Roelof Botha identifies three timeless qualities for CEOs: Authenticity, Logic, and Empathy (ALE). He explains that authenticity means being genuine, logic involves being predictable and rational, and empathy requires caring deeply about the team and the business. These qualities remain fundamental for effective human leadership, even as technology transforms industries.

Jack Dorsey emphasizes a new critical quality for leaders in the current fast-paced, AI-driven environment: the ability to constantly reprogram one's mind and question assumptions. He believes it is increasingly valuable to challenge one's own requirements, past decisions, and company traditions, rather than rigidly adhering to them.

With the rise of AI, Dorsey notes that people are prone to going along with the momentum and offloading their intelligence to tools. He warns against viewing AI's suggestions as definitive outputs, advocating instead for seeing them as better inputs to create superior human-generated outputs.
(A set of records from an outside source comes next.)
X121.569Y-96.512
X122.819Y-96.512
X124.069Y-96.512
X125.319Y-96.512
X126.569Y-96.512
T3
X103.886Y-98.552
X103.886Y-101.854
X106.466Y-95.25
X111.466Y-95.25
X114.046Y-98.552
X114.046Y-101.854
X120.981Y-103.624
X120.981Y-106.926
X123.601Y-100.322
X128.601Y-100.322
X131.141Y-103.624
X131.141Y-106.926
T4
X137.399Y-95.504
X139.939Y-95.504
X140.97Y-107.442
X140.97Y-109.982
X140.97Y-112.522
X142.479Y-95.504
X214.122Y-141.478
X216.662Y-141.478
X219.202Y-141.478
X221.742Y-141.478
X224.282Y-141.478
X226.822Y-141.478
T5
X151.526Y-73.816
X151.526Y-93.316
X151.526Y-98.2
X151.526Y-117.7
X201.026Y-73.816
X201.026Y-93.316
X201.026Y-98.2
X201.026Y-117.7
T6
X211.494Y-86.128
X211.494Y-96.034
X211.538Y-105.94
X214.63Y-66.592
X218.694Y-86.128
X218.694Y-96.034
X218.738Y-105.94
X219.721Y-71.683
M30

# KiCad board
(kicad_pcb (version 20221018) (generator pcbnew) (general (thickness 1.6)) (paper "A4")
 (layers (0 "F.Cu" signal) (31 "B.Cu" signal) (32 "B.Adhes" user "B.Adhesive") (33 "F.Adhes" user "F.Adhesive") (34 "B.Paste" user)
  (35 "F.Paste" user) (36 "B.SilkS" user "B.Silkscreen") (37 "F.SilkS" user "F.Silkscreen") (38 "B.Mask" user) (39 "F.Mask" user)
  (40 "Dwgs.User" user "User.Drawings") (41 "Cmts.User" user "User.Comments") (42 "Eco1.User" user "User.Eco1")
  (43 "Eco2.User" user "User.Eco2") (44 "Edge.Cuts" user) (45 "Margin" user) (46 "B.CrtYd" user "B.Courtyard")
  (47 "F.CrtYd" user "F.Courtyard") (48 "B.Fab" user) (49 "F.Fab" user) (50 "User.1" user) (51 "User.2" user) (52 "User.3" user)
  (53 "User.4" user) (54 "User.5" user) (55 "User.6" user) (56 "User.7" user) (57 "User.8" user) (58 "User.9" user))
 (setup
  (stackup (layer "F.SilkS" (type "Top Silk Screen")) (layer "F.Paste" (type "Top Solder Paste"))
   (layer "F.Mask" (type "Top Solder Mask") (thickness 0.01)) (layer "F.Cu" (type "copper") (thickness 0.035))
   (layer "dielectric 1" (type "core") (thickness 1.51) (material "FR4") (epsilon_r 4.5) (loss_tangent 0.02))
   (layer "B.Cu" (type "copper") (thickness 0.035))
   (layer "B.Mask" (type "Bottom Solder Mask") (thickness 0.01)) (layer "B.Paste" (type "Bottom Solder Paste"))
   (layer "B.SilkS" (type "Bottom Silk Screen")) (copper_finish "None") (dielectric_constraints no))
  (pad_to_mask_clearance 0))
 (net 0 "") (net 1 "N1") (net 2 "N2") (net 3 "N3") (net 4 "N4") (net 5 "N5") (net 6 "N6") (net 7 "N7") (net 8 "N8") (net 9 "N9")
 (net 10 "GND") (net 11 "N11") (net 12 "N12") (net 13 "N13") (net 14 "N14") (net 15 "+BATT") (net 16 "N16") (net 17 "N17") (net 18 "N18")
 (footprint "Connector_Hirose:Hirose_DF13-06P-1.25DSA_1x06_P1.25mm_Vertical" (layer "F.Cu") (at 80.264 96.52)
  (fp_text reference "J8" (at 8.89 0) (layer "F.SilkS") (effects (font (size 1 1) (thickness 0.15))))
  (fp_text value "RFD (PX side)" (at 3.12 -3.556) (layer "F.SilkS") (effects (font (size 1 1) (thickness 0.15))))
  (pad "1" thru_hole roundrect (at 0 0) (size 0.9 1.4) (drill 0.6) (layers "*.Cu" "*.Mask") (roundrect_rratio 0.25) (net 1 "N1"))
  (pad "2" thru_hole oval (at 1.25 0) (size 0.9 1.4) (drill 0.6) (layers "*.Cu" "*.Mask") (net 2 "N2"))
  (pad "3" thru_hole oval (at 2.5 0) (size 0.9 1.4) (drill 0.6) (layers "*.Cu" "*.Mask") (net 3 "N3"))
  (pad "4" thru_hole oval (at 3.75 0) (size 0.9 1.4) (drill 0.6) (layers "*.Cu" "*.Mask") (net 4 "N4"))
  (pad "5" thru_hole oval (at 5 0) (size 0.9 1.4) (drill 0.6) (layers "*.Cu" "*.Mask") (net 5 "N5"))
Maintaining a unique, opinionated point of view is paramount for leaders. This involves the ability to decipher signal from noise and drive toward a specific vision. Founders, in particular, build something that didn't exist because they wanted to see it, rather than creating copies of existing ideas, which is becoming easier with AI tools.

> We're still in a mode where most people are seeing all what the intelligences do, these tools do as output rather than better input to create better output ourselves.